“We Affirm, But Only Because We Are Unable to Write a Principled Opinion Reversing”

That’s how State v. Neis (Wis. Ct. App. July 15) (appeal decided by one judge sitting alone), puts it. I’m not sure that the phrasing, especially the “only,” is optimal. But I take it that the court simply means that it is bound by a precedent that it finds to be unsound.

The issue is whether a trial court that is considering a defendant’s guilty plea (here, in a domestic violence misdemeanor case) must inform the defendant that pleading guilty would mean the defendant will lose his right to own a gun. Earlier Wisconsin decisions had held that, while a court must inform the defendant of the “direct” consequences of a guilty plea, it need not inform him of the “collateral” consequences, and the loss of the right to keep and bear arms is only a “collateral” consequence. This judge is skeptical about those precedents, though he is obligated to follow them:

The distinction between direct and collateral consequences as determinative of the constitutional validity of a plea seems to be problematic. “The Constitution sets forth the standard that a guilty or no contest plea must be affirmatively shown to be knowing, voluntary, and intelligent.” State v. Bangert, 131 Wis. 2d 246, 260, 389 N.W.2d 12 (1986). State v.

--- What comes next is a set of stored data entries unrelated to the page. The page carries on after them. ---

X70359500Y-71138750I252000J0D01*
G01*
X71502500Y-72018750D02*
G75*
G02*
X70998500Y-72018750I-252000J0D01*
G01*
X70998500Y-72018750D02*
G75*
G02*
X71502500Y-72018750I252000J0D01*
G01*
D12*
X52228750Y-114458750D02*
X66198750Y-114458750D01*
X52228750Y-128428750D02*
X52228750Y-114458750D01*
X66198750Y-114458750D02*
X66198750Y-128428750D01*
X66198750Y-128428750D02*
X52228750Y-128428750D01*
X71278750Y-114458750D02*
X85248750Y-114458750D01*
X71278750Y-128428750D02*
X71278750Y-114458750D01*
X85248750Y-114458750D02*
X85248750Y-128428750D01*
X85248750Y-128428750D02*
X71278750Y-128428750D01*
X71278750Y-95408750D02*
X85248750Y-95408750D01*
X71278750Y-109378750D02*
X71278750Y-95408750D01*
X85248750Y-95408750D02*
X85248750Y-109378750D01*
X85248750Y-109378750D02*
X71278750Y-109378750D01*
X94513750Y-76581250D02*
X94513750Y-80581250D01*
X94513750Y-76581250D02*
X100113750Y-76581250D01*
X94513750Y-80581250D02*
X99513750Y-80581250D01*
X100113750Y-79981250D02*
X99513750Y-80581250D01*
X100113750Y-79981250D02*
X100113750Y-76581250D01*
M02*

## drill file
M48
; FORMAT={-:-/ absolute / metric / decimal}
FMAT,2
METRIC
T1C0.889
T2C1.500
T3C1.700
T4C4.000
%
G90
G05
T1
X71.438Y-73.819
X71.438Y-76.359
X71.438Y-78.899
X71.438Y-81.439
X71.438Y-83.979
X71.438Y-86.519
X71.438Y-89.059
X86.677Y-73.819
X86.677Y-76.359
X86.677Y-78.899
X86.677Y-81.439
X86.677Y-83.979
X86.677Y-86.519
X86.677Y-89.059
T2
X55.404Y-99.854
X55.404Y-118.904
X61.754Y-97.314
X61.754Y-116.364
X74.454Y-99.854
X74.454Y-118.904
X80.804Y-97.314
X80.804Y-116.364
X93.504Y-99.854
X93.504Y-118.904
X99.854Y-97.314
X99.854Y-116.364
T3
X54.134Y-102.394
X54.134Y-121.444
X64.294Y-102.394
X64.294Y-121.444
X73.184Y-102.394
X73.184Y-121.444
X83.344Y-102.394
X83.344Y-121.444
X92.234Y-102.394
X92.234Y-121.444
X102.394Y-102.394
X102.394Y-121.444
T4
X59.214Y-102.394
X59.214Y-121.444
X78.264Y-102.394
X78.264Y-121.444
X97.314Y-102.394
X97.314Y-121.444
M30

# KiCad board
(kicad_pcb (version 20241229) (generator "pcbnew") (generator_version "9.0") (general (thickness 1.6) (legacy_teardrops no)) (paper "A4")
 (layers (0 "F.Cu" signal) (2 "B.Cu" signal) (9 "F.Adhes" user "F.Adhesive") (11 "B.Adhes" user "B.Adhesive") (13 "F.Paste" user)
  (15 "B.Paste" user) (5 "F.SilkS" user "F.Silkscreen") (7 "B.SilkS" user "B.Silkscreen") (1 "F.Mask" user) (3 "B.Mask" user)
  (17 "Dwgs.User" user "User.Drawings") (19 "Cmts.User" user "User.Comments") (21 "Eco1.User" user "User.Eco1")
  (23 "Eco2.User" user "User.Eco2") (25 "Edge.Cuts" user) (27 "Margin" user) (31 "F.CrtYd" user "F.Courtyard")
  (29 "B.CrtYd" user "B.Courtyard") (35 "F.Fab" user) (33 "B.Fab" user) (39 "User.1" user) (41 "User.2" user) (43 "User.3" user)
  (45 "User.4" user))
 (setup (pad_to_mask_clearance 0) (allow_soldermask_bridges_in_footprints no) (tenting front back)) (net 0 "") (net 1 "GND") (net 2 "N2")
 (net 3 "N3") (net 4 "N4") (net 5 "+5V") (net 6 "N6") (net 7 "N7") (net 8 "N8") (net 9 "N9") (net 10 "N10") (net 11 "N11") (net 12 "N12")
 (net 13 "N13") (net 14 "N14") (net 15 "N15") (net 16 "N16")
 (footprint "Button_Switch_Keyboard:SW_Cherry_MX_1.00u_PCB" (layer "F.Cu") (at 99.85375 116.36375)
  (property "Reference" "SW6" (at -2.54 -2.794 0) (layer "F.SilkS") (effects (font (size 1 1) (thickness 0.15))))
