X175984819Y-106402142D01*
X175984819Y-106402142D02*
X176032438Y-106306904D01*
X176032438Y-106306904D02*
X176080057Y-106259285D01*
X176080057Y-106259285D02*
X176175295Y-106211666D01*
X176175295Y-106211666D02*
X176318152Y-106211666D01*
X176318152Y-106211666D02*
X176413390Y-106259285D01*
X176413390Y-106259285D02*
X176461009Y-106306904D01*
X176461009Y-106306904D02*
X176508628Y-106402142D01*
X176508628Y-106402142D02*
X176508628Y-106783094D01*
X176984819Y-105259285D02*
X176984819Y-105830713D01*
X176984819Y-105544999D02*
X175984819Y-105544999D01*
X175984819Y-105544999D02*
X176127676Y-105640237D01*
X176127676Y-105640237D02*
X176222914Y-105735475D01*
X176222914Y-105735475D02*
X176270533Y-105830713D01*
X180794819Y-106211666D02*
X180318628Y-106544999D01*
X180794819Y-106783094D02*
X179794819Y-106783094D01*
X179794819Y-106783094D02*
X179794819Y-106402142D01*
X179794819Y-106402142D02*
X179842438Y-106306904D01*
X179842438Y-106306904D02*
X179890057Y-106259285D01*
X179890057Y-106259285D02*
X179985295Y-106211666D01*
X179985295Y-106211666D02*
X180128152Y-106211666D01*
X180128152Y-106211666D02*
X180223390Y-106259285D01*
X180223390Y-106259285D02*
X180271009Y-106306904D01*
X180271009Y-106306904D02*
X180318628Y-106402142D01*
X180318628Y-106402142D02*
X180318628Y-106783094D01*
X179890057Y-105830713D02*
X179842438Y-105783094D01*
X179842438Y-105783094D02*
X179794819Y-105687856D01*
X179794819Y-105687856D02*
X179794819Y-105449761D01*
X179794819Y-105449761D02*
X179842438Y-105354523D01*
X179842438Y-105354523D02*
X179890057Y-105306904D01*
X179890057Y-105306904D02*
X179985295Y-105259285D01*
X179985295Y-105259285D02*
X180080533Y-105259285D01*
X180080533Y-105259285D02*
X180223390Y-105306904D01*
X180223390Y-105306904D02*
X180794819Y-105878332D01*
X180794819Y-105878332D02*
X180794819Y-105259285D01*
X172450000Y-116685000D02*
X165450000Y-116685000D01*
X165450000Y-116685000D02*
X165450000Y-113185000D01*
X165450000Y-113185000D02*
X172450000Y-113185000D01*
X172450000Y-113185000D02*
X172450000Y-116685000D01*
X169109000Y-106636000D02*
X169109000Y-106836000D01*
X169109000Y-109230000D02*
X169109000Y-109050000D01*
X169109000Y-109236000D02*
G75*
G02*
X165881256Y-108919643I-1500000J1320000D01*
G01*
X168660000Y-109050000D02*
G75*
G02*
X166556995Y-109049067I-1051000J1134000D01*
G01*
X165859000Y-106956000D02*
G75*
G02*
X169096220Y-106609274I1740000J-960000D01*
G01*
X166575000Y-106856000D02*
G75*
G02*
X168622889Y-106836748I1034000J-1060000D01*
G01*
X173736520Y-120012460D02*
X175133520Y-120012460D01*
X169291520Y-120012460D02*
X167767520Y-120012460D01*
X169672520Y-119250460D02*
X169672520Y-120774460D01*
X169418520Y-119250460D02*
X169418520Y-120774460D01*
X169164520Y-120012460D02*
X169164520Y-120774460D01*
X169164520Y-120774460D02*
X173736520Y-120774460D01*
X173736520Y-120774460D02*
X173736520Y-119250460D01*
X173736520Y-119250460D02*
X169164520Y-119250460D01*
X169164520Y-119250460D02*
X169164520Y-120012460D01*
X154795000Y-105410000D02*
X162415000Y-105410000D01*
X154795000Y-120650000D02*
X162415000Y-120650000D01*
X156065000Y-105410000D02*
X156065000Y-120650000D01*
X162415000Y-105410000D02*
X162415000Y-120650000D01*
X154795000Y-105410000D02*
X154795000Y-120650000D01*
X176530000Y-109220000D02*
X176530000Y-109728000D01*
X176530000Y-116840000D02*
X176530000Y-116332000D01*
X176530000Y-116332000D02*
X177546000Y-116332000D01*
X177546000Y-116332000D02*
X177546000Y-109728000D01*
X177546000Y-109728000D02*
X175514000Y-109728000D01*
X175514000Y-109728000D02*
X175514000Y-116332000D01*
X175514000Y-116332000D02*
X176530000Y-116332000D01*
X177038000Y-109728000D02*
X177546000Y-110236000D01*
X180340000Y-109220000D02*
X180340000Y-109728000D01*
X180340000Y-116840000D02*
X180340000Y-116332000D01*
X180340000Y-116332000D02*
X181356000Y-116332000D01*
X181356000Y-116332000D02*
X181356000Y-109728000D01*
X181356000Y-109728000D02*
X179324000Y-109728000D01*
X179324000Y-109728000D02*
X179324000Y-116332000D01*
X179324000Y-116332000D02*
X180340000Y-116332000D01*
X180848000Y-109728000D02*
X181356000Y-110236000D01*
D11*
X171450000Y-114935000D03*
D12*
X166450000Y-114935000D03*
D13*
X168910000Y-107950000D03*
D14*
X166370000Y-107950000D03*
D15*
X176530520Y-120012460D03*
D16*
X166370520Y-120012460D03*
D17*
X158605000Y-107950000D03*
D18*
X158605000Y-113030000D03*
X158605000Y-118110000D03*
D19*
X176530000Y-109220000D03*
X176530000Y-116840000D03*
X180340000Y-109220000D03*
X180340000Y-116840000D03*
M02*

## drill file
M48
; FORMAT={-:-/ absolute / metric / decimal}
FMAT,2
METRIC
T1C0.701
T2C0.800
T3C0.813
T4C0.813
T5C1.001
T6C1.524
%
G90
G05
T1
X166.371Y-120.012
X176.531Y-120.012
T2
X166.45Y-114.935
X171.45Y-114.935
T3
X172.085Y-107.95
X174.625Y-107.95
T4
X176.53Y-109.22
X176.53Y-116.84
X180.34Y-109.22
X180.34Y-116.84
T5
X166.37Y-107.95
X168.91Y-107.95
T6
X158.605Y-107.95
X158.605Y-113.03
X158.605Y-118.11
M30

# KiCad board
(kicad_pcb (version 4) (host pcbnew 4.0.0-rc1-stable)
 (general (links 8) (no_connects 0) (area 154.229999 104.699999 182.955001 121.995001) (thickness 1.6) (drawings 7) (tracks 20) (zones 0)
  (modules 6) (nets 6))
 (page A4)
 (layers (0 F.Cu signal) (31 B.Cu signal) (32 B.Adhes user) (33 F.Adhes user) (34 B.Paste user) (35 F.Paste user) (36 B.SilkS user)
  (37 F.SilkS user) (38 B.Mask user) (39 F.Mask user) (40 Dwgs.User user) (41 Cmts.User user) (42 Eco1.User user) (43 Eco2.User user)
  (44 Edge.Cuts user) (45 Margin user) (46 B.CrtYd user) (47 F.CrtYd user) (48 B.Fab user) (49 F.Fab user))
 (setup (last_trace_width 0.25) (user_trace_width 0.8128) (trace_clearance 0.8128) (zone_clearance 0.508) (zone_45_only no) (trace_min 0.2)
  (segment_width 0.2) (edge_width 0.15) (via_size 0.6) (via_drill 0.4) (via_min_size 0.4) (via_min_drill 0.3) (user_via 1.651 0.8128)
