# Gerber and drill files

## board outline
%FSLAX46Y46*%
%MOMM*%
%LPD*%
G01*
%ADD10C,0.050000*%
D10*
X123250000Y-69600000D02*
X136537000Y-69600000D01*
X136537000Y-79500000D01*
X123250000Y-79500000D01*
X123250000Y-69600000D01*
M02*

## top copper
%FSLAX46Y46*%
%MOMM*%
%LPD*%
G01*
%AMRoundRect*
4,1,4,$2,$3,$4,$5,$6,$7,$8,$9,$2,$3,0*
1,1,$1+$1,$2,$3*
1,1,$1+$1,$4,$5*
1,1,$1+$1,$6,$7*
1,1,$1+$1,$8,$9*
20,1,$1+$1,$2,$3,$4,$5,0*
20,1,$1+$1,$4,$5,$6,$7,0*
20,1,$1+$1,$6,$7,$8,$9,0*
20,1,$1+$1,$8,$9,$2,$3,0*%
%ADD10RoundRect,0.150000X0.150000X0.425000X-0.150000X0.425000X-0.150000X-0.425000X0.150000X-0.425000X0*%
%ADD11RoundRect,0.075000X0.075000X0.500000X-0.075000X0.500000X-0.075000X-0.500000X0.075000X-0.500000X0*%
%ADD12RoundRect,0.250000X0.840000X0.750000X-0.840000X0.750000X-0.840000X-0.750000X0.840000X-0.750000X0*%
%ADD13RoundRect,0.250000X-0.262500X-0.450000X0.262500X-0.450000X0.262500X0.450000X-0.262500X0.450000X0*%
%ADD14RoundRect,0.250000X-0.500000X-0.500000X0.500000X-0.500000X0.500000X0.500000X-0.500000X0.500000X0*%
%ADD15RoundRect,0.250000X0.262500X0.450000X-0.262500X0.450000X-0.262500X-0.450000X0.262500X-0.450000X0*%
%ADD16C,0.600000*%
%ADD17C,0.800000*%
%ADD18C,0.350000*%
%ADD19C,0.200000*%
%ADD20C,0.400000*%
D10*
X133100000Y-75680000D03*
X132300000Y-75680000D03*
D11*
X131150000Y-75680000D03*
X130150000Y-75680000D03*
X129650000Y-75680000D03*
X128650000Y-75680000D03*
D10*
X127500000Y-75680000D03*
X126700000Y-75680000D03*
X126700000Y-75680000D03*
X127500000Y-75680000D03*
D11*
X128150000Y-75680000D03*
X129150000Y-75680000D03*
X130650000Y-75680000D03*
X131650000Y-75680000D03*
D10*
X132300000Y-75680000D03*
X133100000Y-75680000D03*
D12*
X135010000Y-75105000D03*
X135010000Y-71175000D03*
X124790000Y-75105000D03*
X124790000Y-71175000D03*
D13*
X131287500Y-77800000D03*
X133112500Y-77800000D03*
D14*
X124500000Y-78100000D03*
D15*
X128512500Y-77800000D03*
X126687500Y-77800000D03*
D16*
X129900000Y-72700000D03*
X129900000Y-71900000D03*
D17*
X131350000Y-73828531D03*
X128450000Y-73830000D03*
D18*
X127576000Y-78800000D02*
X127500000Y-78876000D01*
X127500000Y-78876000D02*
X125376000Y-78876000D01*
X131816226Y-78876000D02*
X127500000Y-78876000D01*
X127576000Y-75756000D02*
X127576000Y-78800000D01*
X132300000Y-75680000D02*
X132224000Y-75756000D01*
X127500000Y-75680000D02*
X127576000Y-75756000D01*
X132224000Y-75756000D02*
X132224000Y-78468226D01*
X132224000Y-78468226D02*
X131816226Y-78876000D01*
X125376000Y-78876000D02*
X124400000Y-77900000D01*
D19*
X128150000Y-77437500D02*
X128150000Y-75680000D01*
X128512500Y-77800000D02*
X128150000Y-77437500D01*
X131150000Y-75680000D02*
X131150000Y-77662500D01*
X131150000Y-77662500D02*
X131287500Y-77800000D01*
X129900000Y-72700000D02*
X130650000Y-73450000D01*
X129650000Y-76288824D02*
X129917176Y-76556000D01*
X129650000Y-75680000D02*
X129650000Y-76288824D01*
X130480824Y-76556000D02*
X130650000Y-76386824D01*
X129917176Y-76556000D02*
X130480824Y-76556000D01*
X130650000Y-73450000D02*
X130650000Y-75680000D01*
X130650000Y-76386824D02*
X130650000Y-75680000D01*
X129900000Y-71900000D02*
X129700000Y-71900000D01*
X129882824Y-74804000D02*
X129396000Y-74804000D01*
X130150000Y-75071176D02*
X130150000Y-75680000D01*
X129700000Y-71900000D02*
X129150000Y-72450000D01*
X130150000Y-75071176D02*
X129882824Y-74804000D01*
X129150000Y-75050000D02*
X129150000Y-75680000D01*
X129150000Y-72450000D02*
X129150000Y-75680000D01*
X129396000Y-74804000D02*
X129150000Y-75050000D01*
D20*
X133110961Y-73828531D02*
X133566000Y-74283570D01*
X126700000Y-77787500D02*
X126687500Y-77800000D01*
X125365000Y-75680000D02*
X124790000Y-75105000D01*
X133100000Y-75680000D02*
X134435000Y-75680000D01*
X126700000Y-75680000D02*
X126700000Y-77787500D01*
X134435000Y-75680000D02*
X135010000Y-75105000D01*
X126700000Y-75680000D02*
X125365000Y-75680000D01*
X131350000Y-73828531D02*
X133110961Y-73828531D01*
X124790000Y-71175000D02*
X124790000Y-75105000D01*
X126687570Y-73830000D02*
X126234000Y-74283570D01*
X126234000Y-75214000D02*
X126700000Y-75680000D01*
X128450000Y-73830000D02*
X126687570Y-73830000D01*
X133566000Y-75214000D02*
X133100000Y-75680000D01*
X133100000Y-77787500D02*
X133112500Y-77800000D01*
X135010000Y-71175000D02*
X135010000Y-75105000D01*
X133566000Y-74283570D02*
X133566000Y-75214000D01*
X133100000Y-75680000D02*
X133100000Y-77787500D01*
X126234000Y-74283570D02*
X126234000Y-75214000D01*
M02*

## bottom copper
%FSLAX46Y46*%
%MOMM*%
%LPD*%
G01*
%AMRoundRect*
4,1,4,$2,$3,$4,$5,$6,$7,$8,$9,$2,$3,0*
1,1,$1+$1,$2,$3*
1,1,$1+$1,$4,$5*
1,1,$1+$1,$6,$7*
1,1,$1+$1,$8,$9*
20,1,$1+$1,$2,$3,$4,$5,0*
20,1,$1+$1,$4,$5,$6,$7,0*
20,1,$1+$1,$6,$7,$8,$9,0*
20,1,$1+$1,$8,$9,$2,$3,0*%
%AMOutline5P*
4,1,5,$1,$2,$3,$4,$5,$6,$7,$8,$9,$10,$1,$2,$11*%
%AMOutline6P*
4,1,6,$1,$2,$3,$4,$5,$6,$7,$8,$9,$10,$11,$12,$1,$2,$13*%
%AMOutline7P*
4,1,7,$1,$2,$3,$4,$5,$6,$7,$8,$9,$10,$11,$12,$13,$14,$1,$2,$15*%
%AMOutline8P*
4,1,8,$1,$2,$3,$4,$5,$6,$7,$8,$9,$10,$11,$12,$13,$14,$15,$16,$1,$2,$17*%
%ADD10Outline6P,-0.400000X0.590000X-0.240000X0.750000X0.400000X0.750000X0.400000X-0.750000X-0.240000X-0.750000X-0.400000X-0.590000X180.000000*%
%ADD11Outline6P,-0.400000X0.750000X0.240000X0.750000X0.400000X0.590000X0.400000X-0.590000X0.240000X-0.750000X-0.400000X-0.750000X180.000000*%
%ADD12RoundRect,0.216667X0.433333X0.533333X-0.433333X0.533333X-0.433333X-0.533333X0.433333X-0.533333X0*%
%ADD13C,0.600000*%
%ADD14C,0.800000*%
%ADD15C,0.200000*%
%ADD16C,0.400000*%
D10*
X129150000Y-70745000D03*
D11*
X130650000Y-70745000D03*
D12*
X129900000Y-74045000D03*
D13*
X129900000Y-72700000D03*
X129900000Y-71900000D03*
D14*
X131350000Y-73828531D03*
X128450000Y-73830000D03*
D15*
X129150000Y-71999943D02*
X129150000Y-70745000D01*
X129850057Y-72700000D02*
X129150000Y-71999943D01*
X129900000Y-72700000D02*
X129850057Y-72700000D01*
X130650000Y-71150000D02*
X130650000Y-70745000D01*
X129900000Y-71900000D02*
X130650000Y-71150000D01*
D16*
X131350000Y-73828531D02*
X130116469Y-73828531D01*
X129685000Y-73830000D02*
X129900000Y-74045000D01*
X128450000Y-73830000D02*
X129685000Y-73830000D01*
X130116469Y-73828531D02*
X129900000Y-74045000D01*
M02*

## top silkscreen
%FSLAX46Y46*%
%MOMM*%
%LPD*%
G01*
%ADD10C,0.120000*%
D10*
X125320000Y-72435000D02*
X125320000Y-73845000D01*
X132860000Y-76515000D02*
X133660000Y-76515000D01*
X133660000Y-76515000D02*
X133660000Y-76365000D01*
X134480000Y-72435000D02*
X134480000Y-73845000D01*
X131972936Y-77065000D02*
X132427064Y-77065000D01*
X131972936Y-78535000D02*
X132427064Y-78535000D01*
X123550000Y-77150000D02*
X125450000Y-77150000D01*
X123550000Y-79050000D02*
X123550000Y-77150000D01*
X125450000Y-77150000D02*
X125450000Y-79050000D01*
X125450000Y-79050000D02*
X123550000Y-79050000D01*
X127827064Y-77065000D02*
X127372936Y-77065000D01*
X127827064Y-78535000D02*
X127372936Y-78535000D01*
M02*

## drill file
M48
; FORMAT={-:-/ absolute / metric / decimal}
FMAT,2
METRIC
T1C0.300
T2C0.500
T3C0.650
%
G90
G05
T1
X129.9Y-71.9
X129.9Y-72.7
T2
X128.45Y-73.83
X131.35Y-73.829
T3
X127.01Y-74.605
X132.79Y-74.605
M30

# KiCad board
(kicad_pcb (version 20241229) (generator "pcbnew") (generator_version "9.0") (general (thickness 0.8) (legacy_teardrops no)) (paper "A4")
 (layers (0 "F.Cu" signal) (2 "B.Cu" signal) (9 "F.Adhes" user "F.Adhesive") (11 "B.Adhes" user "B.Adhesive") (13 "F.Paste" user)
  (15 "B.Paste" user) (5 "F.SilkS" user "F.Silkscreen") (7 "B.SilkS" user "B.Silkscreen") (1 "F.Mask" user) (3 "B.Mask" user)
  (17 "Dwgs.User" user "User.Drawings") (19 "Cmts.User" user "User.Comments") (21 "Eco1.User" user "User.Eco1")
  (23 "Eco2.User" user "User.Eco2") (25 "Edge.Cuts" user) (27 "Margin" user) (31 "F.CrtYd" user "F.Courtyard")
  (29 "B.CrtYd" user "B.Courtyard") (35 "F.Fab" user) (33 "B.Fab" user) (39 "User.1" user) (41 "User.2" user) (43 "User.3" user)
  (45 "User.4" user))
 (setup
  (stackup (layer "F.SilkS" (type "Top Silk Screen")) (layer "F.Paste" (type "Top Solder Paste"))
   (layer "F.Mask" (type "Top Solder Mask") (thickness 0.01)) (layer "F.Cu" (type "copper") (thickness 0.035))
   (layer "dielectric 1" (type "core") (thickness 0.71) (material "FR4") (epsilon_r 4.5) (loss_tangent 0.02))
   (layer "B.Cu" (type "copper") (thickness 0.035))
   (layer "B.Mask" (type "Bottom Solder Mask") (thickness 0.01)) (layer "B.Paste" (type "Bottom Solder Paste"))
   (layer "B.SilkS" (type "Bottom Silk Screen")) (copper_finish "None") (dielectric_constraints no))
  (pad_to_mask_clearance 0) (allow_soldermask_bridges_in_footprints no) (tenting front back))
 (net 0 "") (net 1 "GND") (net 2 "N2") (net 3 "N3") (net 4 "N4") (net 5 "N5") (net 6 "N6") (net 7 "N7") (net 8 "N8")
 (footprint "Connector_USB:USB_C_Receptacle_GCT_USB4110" (layer "F.Cu") (at 129.9 72 180)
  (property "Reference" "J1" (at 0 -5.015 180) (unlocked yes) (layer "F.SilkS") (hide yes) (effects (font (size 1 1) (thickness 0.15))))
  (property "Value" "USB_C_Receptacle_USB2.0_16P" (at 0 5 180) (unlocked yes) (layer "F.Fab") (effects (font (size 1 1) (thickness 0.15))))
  (fp_line (start 4.58 -0.435) (end 4.58 -1.845) (stroke (width 0.12) (type default)) (layer "F.SilkS"))
  (fp_line (start -2.96 -4.515) (end -3.76 -4.515) (stroke (width 0.12) (type default)) (layer "F.SilkS"))
  (fp_line (start -3.76 -4.515) (end -3.76 -4.365) (stroke (width 0.12) (type default)) (layer "F.SilkS"))
  (fp_line (start -4.58 -0.435) (end -4.58 -1.845) (stroke (width 0.12) (type default)) (layer "F.SilkS"))
  (pad "" np_thru_hole circle (at -2.89 -2.605 180) (size 0.65 0.65) (drill 0.65) (layers "*.Cu" "*.Mask"))
  (pad "" np_thru_hole circle (at 2.89 -2.605 180) (size 0.65 0.65) (drill 0.65) (layers "*.Cu" "*.Mask"))
  (pad "A1" smd roundrect (at -3.2 -3.68 180) (size 0.6 1.15) (layers "F.Cu" "F.Mask" "F.Paste") (roundrect_rratio 0.25) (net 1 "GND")
   (thermal_bridge_angle 45))
  (pad "A4" smd roundrect (at -2.4 -3.68 180) (size 0.6 1.15) (layers "F.Cu" "F.Mask" "F.Paste") (roundrect_rratio 0.25) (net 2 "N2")
   (thermal_bridge_angle 45))
  (pad "A5" smd roundrect (at -1.25 -3.68 180) (size 0.3 1.15) (layers "F.Cu" "F.Mask" "F.Paste") (roundrect_rratio 0.25) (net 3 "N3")
   (thermal_bridge_angle 45))
  (pad "A6" smd roundrect (at -0.25 -3.68 180) (size 0.3 1.15) (layers "F.Cu" "F.Mask" "F.Paste") (roundrect_rratio 0.25) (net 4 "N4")
   (thermal_bridge_angle 45))
  (pad "A7" smd roundrect (at 0.25 -3.68 180) (size 0.3 1.15) (layers "F.Cu" "F.Mask" "F.Paste") (roundrect_rratio 0.25) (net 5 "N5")
   (thermal_bridge_angle 45))
  (pad "A8" smd roundrect (at 1.25 -3.68 180) (size 0.3 1.15) (layers "F.Cu" "F.Mask" "F.Paste") (roundrect_rratio 0.25) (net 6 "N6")
   (thermal_bridge_angle 45))
  (pad "A9" smd roundrect (at 2.4 -3.68 180) (size 0.6 1.15) (layers "F.Cu" "F.Mask" "F.Paste") (roundrect_rratio 0.25) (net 2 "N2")
   (thermal_bridge_angle 45))
  (pad "A12" smd roundrect (at 3.2 -3.68 180) (size 0.6 1.15) (layers "F.Cu" "F.Mask" "F.Paste") (roundrect_rratio 0.25) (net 1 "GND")
   (thermal_bridge_angle 45))
  (pad "B1" smd roundrect (at 3.2 -3.68 180) (size 0.6 1.15) (layers "F.Cu" "F.Mask" "F.Paste") (roundrect_rratio 0.25) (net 1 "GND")
   (thermal_bridge_angle 45))
  (pad "B4" smd roundrect (at 2.4 -3.68 180) (size 0.6 1.15) (layers "F.Cu" "F.Mask" "F.Paste") (roundrect_rratio 0.25) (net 2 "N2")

Brown, 2006 WI 100, ¶29, 293 Wis. 2d 594, 716 N.W.2d 906, speaks of a “full understanding of the charges against [the defendant].” A full understanding of charges against Neis would include that by pleading guilty, Neis would lose the right to possess a firearm, and would be prosecuted for a federal crime if he did so. This is a significant enough right for United States and Wisconsin citizens that we have included it in both constitutions. It is difficult to conclude that this right is nonetheless so insignificant that it is only a “collateral” consequence of pleading guilty to a disorderly conduct charge. But that is all it is. See State v. Kosina, 226 Wis. 2d 482, 489, 595 N.W.2d 464 (Ct. App. 1999).